With 100M users we have ~2.4GB of Userbalance data, which easily fits in one RDS instance with a replica or two for backups. Users are 4.8GB and could sit on the same box, or a different one, or in a different kind of store; they were a less interesting entity and we spent less time on them.

However, we also need to be able reconstruct the derivation of the balance, so we need our transaction model.

   Transaction (52 bytes)
      id 16 bytes
      from_user 16 bytes
      to_user 16 bytes
      amount 2 bytes
      create_ts 2 bytes

Sizing the transactions: 52B/auction * 100K auctions/day * 30 days = 150MB of transactions from winning bids per day, or 75GB/month for all bids. We need the transactions to be in the same store as the balances for transactional commits, and the data-offboarding process is journaling tables daily/monthly/whatever and migrating old data to DynamoDB. What pace of offboarding depends on benchmarking, keys, and factoring, but that solution is workable and scales.

Auction service

    Auction (~1.1KB)
      id  16 bytes
      start_time 4 bytes
      end_time 4 bytes
      auctioneer_user 16 bytes
      description 1KB
      image_url 100 bytes
      create_ts 4 bytes

3M auctions per month = 36M auctions per year = 40GB of auction data per year, 200GB for 5 year storage. Too big for RDS, so we need to use NoSQL stores with hash and range keys specific to our views.

Views and supporting them

Access auction by ID and recent auction timeline

DynamoDB (DDB) table of auctions hashed on auction ID and range-keyed on start_ts.

“Auctions for this seller”

DDB table of auctions hashed on user ID and range-keyed on start_ts

Bids service

    Bid (60 bytes)
      id 16 bytes
      amount 8 bytes
      auction 16 bytes
      user 16 bytes
      create_ts 4 bytes

60B * 100K * 500 = 600 MB / day = 18 GB/mo , a lot per year. This is necessarily a NoSQL problem. DDB table hashed on auction and ranged on amount.

The hard part: bid orchestration.

So, what happens when a bid comes in? In my original draft, need to:

  1. Check that the auction is active
  2. Check that the user has sufficient funds for the bid, move them from free money to used money, and write the transaction
  3. Access all the bids for the auction and take the max.
  4. If bid failure or not bigger than max bid: unroll the fund obligation.
  5. Else: write the bid
  6. Free the funds from the old max bidder.
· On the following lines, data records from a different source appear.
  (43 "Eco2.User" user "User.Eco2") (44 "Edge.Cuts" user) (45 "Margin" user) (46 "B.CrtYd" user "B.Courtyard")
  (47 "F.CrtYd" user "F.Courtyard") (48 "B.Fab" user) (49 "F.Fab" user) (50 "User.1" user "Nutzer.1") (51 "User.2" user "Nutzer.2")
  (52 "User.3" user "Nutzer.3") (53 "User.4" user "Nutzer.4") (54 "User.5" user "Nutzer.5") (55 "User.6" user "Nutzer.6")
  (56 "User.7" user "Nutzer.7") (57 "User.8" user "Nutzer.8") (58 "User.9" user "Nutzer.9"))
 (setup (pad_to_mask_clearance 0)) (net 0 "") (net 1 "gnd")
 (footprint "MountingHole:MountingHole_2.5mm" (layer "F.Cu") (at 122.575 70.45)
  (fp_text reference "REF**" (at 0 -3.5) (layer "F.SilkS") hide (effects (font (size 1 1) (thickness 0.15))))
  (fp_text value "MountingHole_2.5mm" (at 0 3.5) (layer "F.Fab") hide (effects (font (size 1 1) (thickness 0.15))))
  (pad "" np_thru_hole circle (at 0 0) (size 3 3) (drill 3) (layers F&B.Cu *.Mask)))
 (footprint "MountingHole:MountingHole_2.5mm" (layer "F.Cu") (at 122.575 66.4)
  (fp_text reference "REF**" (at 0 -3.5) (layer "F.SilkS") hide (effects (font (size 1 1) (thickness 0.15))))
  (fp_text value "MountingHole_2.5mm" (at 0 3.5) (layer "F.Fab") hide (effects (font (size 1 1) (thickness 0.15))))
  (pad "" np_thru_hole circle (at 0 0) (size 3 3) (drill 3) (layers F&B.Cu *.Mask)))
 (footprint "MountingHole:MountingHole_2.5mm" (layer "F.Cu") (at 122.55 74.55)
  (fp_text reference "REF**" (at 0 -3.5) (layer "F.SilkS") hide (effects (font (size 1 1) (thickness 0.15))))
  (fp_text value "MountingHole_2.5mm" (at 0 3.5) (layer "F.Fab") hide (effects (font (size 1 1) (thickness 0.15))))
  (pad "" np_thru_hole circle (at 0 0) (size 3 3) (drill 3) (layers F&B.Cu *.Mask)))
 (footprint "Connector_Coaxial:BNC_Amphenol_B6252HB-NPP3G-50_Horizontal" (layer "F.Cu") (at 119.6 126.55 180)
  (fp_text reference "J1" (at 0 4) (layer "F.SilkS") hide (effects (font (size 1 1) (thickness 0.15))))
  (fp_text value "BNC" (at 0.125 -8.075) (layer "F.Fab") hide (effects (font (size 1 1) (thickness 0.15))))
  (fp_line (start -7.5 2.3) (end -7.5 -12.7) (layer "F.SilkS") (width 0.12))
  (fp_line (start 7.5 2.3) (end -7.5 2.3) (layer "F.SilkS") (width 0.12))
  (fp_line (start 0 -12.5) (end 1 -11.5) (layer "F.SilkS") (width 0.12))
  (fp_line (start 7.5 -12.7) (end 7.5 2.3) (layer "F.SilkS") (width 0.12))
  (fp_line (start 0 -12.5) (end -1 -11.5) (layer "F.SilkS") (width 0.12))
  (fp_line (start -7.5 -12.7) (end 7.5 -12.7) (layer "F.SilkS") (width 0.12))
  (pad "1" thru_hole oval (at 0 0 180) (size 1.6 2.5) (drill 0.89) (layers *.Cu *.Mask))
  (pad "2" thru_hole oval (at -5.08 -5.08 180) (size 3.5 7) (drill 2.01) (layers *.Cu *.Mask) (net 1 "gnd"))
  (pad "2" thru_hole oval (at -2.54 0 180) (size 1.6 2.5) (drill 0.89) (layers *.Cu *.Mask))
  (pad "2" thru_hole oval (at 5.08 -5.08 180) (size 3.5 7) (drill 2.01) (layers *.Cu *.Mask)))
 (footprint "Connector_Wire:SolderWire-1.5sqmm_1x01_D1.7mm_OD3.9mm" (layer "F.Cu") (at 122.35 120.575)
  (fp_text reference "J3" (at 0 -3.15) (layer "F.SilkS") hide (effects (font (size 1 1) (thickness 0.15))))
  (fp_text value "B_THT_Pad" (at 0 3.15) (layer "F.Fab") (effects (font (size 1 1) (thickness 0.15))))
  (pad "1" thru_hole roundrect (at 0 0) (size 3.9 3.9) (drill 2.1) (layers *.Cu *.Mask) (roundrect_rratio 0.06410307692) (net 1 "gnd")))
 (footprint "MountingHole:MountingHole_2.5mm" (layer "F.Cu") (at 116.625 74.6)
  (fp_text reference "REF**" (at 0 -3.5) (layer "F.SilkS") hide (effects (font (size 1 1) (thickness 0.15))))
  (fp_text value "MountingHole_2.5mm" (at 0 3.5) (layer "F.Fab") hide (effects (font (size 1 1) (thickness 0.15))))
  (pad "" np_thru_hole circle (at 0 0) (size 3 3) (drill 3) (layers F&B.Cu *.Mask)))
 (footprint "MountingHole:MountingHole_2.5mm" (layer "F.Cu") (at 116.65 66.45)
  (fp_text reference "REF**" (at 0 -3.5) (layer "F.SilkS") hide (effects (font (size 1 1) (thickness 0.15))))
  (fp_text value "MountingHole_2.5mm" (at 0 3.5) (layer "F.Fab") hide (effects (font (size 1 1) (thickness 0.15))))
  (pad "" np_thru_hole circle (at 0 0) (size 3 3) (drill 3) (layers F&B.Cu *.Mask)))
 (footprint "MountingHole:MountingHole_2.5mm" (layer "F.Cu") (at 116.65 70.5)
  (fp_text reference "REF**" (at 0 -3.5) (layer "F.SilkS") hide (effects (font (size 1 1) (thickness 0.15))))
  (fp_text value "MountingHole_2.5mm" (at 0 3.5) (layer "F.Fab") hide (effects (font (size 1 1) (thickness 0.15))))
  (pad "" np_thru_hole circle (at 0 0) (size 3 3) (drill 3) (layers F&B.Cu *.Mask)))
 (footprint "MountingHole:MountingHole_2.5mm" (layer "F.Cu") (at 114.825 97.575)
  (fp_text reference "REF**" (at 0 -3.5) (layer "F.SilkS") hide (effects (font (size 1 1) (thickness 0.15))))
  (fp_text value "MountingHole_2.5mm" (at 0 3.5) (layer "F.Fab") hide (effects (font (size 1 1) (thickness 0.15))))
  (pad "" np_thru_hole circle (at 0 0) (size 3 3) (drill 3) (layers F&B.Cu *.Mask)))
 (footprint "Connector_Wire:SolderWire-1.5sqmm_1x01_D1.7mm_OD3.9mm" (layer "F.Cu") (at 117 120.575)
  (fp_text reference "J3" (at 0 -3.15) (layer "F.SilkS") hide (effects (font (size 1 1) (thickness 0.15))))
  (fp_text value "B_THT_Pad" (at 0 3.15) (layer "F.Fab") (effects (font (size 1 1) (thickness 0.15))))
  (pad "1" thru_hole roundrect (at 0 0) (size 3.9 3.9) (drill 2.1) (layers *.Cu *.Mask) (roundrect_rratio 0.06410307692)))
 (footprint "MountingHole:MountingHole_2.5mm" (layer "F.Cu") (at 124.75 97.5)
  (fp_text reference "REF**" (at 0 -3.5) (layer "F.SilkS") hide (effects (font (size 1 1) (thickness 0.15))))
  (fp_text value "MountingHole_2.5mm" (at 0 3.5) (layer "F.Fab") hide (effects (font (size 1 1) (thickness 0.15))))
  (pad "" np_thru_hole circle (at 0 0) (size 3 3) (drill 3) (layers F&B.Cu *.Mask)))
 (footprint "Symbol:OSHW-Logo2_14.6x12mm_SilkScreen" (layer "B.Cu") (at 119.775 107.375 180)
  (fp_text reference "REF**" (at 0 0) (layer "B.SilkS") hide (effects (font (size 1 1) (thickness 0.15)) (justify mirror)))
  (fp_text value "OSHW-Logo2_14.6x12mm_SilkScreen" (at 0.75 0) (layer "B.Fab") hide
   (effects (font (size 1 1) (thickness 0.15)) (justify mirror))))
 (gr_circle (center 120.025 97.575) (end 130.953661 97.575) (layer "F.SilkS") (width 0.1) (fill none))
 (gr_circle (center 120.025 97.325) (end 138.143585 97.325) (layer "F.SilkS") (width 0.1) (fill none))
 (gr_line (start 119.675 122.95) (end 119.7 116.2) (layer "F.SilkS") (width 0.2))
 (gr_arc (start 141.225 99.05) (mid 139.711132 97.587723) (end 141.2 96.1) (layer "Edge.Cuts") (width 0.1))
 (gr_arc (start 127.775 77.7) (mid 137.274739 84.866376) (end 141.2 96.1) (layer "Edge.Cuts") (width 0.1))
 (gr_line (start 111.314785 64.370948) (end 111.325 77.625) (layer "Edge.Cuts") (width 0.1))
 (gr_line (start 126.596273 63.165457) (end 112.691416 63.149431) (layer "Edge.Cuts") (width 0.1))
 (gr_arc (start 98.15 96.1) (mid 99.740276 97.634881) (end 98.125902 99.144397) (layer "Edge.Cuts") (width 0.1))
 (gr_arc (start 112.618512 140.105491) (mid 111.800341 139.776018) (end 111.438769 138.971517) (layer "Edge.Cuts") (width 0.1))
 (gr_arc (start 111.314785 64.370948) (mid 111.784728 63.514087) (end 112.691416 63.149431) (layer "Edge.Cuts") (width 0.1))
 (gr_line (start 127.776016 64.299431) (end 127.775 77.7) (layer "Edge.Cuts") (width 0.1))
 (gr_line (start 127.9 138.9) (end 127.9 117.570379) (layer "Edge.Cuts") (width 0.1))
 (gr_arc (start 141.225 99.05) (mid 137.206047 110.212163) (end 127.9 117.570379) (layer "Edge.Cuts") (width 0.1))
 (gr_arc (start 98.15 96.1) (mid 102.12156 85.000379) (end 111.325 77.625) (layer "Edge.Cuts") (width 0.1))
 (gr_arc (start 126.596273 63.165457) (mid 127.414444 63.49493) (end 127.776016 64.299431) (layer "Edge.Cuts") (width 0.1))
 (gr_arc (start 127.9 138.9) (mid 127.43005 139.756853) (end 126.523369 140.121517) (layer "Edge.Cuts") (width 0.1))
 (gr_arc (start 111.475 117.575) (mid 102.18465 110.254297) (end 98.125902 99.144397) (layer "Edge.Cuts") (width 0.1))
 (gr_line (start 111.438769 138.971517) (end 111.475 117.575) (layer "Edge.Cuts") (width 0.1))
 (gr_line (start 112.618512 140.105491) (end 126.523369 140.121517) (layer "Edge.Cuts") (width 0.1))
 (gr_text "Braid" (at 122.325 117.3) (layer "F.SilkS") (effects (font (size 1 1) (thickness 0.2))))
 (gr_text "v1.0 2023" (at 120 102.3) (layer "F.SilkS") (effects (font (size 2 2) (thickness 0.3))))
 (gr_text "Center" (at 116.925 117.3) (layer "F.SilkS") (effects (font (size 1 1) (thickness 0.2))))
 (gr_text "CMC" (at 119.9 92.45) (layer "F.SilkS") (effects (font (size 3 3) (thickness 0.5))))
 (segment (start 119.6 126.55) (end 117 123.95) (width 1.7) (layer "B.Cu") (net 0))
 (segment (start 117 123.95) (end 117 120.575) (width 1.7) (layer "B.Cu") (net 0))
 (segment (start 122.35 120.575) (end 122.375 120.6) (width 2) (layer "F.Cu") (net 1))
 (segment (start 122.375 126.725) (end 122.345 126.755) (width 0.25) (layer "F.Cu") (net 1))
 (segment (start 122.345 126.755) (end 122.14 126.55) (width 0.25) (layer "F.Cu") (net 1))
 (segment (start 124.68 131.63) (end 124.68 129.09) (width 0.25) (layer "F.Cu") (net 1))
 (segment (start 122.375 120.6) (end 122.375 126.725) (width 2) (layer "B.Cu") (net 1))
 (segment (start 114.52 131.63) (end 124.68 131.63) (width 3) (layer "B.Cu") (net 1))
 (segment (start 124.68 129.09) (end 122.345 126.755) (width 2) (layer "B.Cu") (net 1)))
But this is tricky, because processes can die at any step. First insight: we have no business doing this in-band for the request. A POST of a bid should enqueue a job (I was thinking RabbitMQ, but $MENTOR recommended ZeroMQ or Kafka) and 201 the request. The async processing should pick up the job, and the logic needs to be idempotent to support retries. This means the transaction should include an identifier for the job, in case it obligates the funds and then dies before doing anything else, so that the funds aren’t reobligated on retry.

Further, the “get max bid, if you are bigger, write” requires a lock of some kind. We might have a locking service for auctions so exactly one job could have exclusive access to its items, get the max bid, then write the new bid if it is greater. (NB: after the session, I wonder if key overloading and having an in-table MaxBid object would let us avoid lock contention by transactionalizing everything with a conditional write on max bid.)

Finally, we need to unobligate the funds from the previous max bidder, so we need to do the same idempotent-transaction-write from when we obligated the funds.

This accomplishes all of our bid orchestration steps, and is where we stopped the session. Feedback from $MENTOR: We can increase reliability with retries (requiring idempotency) and fallbacks. If we have fund deobligation failing every-once-in-a-while, we might have escalation to a human team. Check out the Site Reliability Engineer book. Consider doing this async job in Kafka. This is an example of the orchestrator pattern; choreography is another option. Followup questions: what happens when MJ auctions his shoes? How do you deal with those situations? Locking might die out. How do you handle sudden spikes?

Things I learned

I need to dig into uses of ZeroMQ, Kafka, and the scaling patterns of both. UUIDs all the way. Based on some of the keywords, I found and bought this book and this pattern index. I will work through em and tell you how it goes!